ACTIVITY:
Return verbatim all lines from the first one in the records to the line with "X55198499Y-92968649D01*", both ends kept.

[Saved data entries]
■ ■ ■ ■ ■

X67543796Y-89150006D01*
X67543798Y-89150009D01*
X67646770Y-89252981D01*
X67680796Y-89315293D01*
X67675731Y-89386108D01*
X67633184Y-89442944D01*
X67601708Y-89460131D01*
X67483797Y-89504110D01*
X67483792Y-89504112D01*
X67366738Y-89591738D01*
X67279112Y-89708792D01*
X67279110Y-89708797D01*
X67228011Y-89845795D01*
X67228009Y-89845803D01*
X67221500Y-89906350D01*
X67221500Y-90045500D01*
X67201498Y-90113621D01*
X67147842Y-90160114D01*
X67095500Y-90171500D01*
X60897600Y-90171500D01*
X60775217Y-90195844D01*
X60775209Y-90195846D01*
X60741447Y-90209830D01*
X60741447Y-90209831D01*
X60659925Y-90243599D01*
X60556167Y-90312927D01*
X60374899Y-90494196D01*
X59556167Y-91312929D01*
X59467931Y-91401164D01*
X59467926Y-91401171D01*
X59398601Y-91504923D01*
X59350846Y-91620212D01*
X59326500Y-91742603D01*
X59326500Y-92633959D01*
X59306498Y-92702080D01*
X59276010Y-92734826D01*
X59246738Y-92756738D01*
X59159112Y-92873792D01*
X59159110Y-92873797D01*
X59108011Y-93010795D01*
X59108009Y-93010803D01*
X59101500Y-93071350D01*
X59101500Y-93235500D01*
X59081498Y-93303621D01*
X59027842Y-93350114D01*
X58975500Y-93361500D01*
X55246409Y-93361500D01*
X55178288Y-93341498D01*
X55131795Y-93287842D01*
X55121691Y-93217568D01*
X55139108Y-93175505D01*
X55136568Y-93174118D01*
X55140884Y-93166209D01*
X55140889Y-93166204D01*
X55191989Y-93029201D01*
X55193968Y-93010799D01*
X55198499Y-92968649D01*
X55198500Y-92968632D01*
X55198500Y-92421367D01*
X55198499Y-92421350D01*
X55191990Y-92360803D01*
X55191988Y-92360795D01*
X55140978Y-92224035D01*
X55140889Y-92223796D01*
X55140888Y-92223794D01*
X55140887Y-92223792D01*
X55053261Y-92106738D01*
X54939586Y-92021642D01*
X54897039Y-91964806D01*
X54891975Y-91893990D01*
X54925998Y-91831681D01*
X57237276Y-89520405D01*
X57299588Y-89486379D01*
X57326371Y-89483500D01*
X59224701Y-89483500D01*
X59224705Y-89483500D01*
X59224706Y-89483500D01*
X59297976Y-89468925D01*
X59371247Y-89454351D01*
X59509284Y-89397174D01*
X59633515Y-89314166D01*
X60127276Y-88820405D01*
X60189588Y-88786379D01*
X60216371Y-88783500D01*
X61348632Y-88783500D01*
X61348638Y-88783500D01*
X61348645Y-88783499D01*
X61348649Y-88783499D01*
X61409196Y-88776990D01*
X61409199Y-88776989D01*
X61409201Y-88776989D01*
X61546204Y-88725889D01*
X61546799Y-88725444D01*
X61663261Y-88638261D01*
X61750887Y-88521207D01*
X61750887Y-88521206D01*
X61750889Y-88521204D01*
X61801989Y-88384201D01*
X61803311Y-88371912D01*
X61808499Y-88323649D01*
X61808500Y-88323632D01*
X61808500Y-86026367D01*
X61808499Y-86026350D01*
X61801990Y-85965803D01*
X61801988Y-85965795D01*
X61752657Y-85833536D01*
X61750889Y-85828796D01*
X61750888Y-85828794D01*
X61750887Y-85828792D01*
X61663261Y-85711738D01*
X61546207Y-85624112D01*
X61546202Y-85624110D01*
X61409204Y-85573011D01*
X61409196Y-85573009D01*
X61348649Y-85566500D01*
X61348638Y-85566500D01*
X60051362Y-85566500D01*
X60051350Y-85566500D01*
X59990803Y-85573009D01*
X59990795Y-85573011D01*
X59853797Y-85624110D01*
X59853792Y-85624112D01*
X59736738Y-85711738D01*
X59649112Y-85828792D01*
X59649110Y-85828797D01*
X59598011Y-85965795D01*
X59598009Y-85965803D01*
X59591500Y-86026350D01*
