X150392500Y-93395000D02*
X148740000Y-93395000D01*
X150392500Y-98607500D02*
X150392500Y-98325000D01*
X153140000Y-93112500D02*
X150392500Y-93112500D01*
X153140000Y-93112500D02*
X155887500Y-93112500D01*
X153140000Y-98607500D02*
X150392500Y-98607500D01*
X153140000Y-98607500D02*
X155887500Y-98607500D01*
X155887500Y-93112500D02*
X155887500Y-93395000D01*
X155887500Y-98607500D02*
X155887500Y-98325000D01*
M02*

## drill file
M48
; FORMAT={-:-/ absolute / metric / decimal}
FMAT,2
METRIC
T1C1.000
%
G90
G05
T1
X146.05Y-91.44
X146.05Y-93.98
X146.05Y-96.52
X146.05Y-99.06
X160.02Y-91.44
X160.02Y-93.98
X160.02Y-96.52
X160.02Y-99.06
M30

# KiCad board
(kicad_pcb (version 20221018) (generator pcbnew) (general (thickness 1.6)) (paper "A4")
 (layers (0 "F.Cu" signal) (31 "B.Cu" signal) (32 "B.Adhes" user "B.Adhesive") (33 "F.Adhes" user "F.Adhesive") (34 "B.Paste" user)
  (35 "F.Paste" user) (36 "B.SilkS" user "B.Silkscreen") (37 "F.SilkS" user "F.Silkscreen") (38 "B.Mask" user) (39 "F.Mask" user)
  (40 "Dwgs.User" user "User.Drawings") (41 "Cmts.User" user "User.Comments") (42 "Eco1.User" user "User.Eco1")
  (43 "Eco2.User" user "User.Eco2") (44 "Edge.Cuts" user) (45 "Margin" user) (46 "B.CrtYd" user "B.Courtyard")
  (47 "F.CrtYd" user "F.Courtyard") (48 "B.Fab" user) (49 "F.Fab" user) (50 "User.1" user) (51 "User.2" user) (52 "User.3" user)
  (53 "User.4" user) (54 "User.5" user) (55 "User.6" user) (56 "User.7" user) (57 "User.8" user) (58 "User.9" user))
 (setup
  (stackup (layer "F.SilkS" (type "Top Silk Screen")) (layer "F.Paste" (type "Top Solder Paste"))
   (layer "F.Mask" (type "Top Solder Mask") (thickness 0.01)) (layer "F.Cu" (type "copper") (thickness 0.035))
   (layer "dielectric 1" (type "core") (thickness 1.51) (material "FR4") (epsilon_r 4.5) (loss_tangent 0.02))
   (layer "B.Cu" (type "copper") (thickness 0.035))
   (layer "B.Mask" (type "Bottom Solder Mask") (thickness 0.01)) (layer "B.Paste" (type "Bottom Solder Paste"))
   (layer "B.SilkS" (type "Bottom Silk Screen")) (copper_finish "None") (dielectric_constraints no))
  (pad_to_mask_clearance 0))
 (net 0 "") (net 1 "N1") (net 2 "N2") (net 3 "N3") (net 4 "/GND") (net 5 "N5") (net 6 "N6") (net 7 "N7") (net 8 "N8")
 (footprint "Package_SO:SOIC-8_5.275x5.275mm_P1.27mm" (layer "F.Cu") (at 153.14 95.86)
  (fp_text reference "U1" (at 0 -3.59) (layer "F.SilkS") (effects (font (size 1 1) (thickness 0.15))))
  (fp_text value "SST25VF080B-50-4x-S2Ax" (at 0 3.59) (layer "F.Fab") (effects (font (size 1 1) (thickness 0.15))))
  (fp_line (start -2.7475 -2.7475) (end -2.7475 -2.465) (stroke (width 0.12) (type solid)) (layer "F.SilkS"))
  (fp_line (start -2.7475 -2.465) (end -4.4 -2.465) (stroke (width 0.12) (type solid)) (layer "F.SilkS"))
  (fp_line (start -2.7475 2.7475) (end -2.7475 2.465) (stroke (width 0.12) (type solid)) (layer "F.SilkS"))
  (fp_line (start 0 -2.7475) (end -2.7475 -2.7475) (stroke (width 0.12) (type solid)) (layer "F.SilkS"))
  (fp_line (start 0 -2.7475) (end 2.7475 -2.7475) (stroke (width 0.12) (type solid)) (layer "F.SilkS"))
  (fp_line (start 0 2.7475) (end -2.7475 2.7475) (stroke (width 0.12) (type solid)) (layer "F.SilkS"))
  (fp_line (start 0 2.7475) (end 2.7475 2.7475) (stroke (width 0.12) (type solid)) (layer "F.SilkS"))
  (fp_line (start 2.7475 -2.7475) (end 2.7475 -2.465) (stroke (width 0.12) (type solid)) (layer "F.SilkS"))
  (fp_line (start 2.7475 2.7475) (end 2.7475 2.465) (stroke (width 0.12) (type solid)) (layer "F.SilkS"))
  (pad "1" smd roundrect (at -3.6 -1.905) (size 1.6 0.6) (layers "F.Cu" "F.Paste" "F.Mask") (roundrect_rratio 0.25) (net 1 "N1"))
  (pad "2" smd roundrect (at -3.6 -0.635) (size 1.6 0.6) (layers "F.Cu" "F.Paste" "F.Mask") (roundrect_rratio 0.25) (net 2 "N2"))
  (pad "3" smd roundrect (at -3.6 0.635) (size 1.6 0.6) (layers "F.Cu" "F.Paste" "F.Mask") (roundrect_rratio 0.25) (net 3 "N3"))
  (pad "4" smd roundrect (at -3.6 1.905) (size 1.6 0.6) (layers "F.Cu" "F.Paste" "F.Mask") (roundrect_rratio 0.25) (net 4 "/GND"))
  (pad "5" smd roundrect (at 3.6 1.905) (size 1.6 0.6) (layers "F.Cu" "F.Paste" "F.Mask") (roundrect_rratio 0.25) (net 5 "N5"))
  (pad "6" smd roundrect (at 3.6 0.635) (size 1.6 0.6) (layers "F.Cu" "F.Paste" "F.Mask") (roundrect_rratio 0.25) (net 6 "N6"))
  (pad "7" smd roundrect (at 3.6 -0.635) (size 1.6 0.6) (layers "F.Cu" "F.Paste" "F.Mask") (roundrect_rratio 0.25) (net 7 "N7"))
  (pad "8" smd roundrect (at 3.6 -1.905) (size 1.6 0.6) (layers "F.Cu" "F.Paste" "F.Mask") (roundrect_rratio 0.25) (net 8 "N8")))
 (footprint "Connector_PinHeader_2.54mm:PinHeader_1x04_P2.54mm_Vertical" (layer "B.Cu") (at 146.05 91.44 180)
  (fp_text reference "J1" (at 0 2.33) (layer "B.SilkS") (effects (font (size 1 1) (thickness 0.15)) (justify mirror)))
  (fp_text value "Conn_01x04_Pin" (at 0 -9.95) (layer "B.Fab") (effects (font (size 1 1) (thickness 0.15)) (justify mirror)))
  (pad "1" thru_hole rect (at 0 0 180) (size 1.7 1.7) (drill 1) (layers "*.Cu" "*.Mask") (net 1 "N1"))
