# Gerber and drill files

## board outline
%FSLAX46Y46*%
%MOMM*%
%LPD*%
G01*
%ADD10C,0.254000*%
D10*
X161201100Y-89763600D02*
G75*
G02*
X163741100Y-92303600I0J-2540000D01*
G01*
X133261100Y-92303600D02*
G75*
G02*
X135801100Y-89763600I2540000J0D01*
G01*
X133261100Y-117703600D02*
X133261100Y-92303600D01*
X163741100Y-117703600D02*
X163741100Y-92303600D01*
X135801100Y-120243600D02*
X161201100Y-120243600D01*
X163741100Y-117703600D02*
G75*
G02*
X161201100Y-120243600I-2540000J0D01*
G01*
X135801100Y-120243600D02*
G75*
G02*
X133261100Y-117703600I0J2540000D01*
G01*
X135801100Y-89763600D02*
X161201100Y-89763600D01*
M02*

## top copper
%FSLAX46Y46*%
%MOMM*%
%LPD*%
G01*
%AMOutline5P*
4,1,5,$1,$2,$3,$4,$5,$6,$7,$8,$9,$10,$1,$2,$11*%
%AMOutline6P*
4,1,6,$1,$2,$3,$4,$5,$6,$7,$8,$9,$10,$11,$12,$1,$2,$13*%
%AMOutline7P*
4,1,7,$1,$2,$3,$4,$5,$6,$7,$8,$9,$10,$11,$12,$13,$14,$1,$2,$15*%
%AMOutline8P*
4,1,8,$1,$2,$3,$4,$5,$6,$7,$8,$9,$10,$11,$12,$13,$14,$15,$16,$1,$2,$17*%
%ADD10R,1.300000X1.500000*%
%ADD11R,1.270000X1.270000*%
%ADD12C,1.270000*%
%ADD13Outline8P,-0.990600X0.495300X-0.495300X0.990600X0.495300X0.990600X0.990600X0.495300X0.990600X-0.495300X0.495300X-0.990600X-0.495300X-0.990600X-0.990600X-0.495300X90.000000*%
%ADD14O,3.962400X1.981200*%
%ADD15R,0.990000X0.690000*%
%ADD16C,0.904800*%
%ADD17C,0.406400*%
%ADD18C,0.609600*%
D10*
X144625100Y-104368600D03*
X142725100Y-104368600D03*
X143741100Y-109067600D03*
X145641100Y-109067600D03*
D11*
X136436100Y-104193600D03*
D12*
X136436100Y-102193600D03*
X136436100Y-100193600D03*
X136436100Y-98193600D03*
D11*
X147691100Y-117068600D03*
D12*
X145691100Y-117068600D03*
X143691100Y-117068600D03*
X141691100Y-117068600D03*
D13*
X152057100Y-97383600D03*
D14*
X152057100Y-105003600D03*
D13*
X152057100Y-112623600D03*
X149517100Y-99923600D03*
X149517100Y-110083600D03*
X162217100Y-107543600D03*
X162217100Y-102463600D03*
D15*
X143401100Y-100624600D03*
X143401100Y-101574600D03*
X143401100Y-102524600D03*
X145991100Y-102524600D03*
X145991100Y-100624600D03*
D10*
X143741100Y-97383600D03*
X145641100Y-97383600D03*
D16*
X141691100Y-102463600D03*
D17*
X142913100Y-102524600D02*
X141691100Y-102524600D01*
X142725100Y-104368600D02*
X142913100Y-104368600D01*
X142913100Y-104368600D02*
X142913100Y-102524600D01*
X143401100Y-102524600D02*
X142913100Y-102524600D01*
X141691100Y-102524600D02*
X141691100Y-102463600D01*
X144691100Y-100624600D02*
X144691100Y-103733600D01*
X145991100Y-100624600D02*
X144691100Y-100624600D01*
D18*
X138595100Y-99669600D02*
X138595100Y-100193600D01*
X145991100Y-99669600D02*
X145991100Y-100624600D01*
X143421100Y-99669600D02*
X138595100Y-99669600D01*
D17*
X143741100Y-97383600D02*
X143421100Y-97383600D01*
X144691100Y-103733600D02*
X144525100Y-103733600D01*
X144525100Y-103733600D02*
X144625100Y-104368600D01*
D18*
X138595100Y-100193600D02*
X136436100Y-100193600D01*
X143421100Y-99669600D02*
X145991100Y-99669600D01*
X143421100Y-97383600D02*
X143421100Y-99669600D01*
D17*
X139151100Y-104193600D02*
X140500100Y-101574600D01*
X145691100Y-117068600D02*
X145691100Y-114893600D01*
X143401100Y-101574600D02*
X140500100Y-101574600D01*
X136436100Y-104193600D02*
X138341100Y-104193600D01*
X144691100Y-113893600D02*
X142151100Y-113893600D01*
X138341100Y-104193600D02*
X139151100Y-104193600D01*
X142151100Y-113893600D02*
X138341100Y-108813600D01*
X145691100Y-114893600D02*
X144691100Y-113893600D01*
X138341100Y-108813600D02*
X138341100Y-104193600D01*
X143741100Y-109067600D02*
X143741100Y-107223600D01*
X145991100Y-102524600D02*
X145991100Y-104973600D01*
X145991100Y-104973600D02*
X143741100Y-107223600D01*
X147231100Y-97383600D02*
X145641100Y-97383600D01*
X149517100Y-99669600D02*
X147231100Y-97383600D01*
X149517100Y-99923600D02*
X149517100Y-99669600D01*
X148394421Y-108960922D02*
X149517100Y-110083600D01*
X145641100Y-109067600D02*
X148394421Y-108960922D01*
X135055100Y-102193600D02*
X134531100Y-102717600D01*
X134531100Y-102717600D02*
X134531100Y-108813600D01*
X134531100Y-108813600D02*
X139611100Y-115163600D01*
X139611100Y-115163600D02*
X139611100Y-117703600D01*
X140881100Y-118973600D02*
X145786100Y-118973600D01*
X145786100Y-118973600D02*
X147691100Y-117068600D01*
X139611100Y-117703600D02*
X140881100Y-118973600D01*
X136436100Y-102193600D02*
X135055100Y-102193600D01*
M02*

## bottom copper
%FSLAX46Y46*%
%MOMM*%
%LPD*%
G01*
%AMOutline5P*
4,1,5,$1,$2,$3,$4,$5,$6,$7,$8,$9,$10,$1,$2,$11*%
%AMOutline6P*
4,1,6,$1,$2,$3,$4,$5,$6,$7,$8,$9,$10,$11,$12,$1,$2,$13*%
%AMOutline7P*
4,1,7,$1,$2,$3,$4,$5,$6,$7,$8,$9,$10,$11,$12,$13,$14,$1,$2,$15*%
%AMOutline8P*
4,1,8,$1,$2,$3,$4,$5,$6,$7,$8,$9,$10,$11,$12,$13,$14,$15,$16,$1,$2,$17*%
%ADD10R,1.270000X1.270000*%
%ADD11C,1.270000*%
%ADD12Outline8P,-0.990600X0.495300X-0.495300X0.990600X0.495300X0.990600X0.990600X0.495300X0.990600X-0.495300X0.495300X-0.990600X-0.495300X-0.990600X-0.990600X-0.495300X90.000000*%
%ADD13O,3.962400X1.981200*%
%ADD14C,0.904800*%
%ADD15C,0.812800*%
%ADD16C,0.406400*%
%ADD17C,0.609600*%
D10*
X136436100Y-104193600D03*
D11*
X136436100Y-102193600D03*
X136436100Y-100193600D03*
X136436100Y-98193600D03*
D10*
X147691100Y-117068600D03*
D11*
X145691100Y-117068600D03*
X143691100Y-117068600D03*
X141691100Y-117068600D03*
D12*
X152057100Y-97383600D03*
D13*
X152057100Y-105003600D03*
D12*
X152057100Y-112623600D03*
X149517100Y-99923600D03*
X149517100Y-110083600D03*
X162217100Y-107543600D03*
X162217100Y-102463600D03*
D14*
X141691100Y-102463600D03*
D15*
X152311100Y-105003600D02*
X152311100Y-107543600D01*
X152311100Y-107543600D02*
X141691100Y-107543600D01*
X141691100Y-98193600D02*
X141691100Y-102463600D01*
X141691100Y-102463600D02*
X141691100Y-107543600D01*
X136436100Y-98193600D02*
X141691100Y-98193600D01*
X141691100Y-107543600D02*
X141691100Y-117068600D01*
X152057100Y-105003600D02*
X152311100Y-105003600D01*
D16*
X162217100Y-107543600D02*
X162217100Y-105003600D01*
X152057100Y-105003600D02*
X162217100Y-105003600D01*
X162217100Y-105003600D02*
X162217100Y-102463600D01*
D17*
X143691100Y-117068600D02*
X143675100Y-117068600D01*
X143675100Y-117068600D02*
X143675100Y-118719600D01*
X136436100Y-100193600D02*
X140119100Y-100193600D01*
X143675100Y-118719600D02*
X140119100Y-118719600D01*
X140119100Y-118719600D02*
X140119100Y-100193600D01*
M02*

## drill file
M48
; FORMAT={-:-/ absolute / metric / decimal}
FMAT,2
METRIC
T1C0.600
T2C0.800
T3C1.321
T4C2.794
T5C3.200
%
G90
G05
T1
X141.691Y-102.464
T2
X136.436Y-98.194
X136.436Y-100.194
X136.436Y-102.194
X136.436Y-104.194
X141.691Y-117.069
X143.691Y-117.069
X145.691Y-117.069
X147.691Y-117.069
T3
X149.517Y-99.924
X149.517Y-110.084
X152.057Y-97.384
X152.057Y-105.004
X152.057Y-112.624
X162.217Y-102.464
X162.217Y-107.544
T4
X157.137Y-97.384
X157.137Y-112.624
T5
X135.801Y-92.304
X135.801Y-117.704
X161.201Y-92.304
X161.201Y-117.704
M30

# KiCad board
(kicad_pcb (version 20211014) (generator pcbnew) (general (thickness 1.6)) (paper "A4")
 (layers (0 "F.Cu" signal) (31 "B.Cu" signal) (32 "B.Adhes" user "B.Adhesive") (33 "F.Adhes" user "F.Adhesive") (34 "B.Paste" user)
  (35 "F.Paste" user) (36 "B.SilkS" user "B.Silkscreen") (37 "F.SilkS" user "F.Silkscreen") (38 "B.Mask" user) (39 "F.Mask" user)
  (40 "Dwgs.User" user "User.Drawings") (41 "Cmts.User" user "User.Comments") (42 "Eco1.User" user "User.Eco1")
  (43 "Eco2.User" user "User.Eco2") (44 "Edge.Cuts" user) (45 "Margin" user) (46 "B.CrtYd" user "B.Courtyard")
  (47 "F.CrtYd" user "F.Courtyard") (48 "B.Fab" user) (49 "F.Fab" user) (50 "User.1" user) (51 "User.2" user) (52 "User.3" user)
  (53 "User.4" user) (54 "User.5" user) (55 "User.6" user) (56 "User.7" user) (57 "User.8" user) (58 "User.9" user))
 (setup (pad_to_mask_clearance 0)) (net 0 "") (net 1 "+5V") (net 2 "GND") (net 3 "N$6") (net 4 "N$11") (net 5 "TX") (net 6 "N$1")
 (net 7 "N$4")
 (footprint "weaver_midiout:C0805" (layer "F.Cu") (at 143.6751 104.3686 180)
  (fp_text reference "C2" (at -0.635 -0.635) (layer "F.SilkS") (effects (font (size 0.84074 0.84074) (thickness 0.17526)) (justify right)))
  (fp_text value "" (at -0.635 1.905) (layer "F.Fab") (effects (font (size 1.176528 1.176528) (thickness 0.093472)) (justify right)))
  (pad "1" smd rect (at -0.95 0 180) (size 1.3 1.5) (layers "F.Cu" "F.Paste" "F.Mask") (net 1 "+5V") (solder_mask_margin 0.0508))
  (pad "2" smd rect (at 0.95 0 180) (size 1.3 1.5) (layers "F.Cu" "F.Paste" "F.Mask") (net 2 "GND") (solder_mask_margin 0.0508)))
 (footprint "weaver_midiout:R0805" (layer "F.Cu") (at 144.6911 109.0676)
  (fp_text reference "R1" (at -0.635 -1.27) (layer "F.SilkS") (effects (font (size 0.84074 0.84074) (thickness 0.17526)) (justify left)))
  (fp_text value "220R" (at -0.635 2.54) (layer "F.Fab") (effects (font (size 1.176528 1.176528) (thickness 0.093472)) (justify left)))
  (pad "1" smd rect (at -0.95 0) (size 1.3 1.5) (layers "F.Cu" "F.Paste" "F.Mask") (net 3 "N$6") (solder_mask_margin 0.0508))
  (pad "2" smd rect (at 0.95 0) (size 1.3 1.5) (layers "F.Cu" "F.Paste" "F.Mask") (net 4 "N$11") (solder_mask_margin 0.0508)))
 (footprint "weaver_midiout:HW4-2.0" (layer "F.Cu") (at 136.4361 101.1936 90)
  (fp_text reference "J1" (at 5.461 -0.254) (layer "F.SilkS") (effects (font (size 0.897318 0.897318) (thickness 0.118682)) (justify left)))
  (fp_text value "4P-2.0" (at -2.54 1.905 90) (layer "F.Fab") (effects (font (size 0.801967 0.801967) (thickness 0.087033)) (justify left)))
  (pad "1" thru_hole rect (at -3 0 90) (size 1.27 1.27) (drill 0.8) (layers *.Cu *.Mask) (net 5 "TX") (solder_mask_margin 0.0508))
  (pad "2" thru_hole circle (at -1 0 90) (size 1.27 1.27) (drill 0.8) (layers *.Cu *.Mask) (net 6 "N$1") (solder_mask_margin 0.0508))
  (pad "3" thru_hole circle (at 1 0 90) (size 1.27 1.27) (drill 0.8) (layers *.Cu *.Mask) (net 1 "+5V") (solder_mask_margin 0.0508))
  (pad "4" thru_hole circle (at 3 0 90) (size 1.27 1.27) (drill 0.8) (layers *.Cu *.Mask) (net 2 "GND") (solder_mask_margin 0.0508)))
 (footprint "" (layer "F.Cu") (at 161.2011 92.3036)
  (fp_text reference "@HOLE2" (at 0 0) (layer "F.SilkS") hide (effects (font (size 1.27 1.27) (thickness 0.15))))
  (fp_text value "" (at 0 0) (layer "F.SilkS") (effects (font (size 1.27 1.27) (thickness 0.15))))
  (pad "" np_thru_hole circle (at 0 0) (size 3.2 3.2) (drill 3.2) (layers *.Cu *.Mask)))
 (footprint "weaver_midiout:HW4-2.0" (layer "F.Cu") (at 144.6911 117.0686 180)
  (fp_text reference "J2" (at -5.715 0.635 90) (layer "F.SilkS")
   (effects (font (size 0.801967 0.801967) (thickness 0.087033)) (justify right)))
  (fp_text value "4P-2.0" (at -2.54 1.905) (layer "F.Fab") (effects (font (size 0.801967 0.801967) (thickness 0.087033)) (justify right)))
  (pad "1" thru_hole rect (at -3 0 180) (size 1.27 1.27) (drill 0.8) (layers *.Cu *.Mask) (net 6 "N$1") (solder_mask_margin 0.0508))
  (pad "2" thru_hole circle (at -1 0 180) (size 1.27 1.27) (drill 0.8) (layers *.Cu *.Mask) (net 5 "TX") (solder_mask_margin 0.0508))
  (pad "3" thru_hole circle (at 1 0 180) (size 1.27 1.27) (drill 0.8) (layers *.Cu *.Mask) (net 1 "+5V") (solder_mask_margin 0.0508))
  (pad "4" thru_hole circle (at 3 0 180) (size 1.27 1.27) (drill 0.8) (layers *.Cu *.Mask) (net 2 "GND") (solder_mask_margin 0.0508)))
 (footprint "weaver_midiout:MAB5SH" (layer "F.Cu") (at 157.1371 105.0036 90)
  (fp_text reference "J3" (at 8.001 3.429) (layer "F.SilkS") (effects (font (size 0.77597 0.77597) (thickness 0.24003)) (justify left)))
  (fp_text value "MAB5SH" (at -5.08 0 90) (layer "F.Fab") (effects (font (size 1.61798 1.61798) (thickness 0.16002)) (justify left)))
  (pad "" np_thru_hole circle (at -7.62 0 90) (size 2.794 2.794) (drill 2.794) (layers *.Cu *.Mask))
  (pad "" np_thru_hole circle (at 7.62 0 90) (size 2.794 2.794) (drill 2.794) (layers *.Cu *.Mask))
  (pad "1" thru_hole roundrect (at 7.62 -5.08 90) (size 1.9812 1.9812) (drill 1.3208) (layers *.Cu *.Mask) (roundrect_rratio 0.25)
   (chamfer_ratio 0.25) (chamfer top_left top_right bottom_left bottom_right) (solder_mask_margin 0.0508))
  (pad "2" thru_hole oval (at 0 -5.08 180) (size 3.9624 1.9812) (drill 1.3208) (layers *.Cu *.Mask) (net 2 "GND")
   (solder_mask_margin 0.0508))
  (pad "3" thru_hole roundrect (at -7.62 -5.08 90) (size 1.9812 1.9812) (drill 1.3208) (layers *.Cu *.Mask) (roundrect_rratio 0.25)
   (chamfer_ratio 0.25) (chamfer top_left top_right bottom_left bottom_right) (solder_mask_margin 0.0508))
  (pad "4" thru_hole roundrect (at 5.08 -7.62 90) (size 1.9812 1.9812) (drill 1.3208) (layers *.Cu *.Mask) (roundrect_rratio 0.25)
   (chamfer_ratio 0.25) (chamfer top_left top_right bottom_left bottom_right) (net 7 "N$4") (solder_mask_margin 0.0508))
  (pad "5" thru_hole roundrect (at -5.08 -7.62 90) (size 1.9812 1.9812) (drill 1.3208) (layers *.Cu *.Mask) (roundrect_rratio 0.25)
   (chamfer_ratio 0.25) (chamfer top_left top_right bottom_left bottom_right) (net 4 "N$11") (solder_mask_margin 0.0508))
  (pad "PE" thru_hole roundrect (at -2.54 5.08 90) (size 1.9812 1.9812) (drill 1.3208) (layers *.Cu *.Mask) (roundrect_rratio 0.25)
   (chamfer_ratio 0.25) (chamfer top_left top_right bottom_left bottom_right) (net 2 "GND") (solder_mask_margin 0.0508))
  (pad "PE@" thru_hole roundrect (at 2.54 5.08 90) (size 1.9812 1.9812) (drill 1.3208) (layers *.Cu *.Mask) (roundrect_rratio 0.25)
   (chamfer_ratio 0.25) (chamfer top_left top_right bottom_left bottom_right) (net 2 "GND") (solder_mask_margin 0.0508)))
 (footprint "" (layer "F.Cu") (at 161.2011 117.7036)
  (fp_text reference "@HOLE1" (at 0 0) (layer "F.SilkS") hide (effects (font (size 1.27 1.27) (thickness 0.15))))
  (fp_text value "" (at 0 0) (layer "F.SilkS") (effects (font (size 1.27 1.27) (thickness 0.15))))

■ ■ ■ ■ ■

ANSWER AREA:
X67543796Y-89150006D01*
X67543798Y-89150009D01*
X67646770Y-89252981D01*
X67680796Y-89315293D01*
X67675731Y-89386108D01*
X67633184Y-89442944D01*
X67601708Y-89460131D01*
X67483797Y-89504110D01*
X67483792Y-89504112D01*
X67366738Y-89591738D01*
X67279112Y-89708792D01*
X67279110Y-89708797D01*
X67228011Y-89845795D01*
X67228009Y-89845803D01*
X67221500Y-89906350D01*
X67221500Y-90045500D01*
X67201498Y-90113621D01*
X67147842Y-90160114D01*
X67095500Y-90171500D01*
X60897600Y-90171500D01*
X60775217Y-90195844D01*
X60775209Y-90195846D01*
X60741447Y-90209830D01*
X60741447Y-90209831D01*
X60659925Y-90243599D01*
X60556167Y-90312927D01*
X60374899Y-90494196D01*
X59556167Y-91312929D01*
X59467931Y-91401164D01*
X59467926Y-91401171D01*
X59398601Y-91504923D01*
X59350846Y-91620212D01*
X59326500Y-91742603D01*
X59326500Y-92633959D01*
X59306498Y-92702080D01*
X59276010Y-92734826D01*
X59246738Y-92756738D01*
X59159112Y-92873792D01*
X59159110Y-92873797D01*
X59108011Y-93010795D01*
X59108009Y-93010803D01*
X59101500Y-93071350D01*
X59101500Y-93235500D01*
X59081498Y-93303621D01*
X59027842Y-93350114D01*
X58975500Y-93361500D01*
X55246409Y-93361500D01*
X55178288Y-93341498D01*
X55131795Y-93287842D01*
X55121691Y-93217568D01*
X55139108Y-93175505D01*
X55136568Y-93174118D01*
X55140884Y-93166209D01*
X55140889Y-93166204D01*
X55191989Y-93029201D01*
X55193968Y-93010799D01*
X55198499Y-92968649D01*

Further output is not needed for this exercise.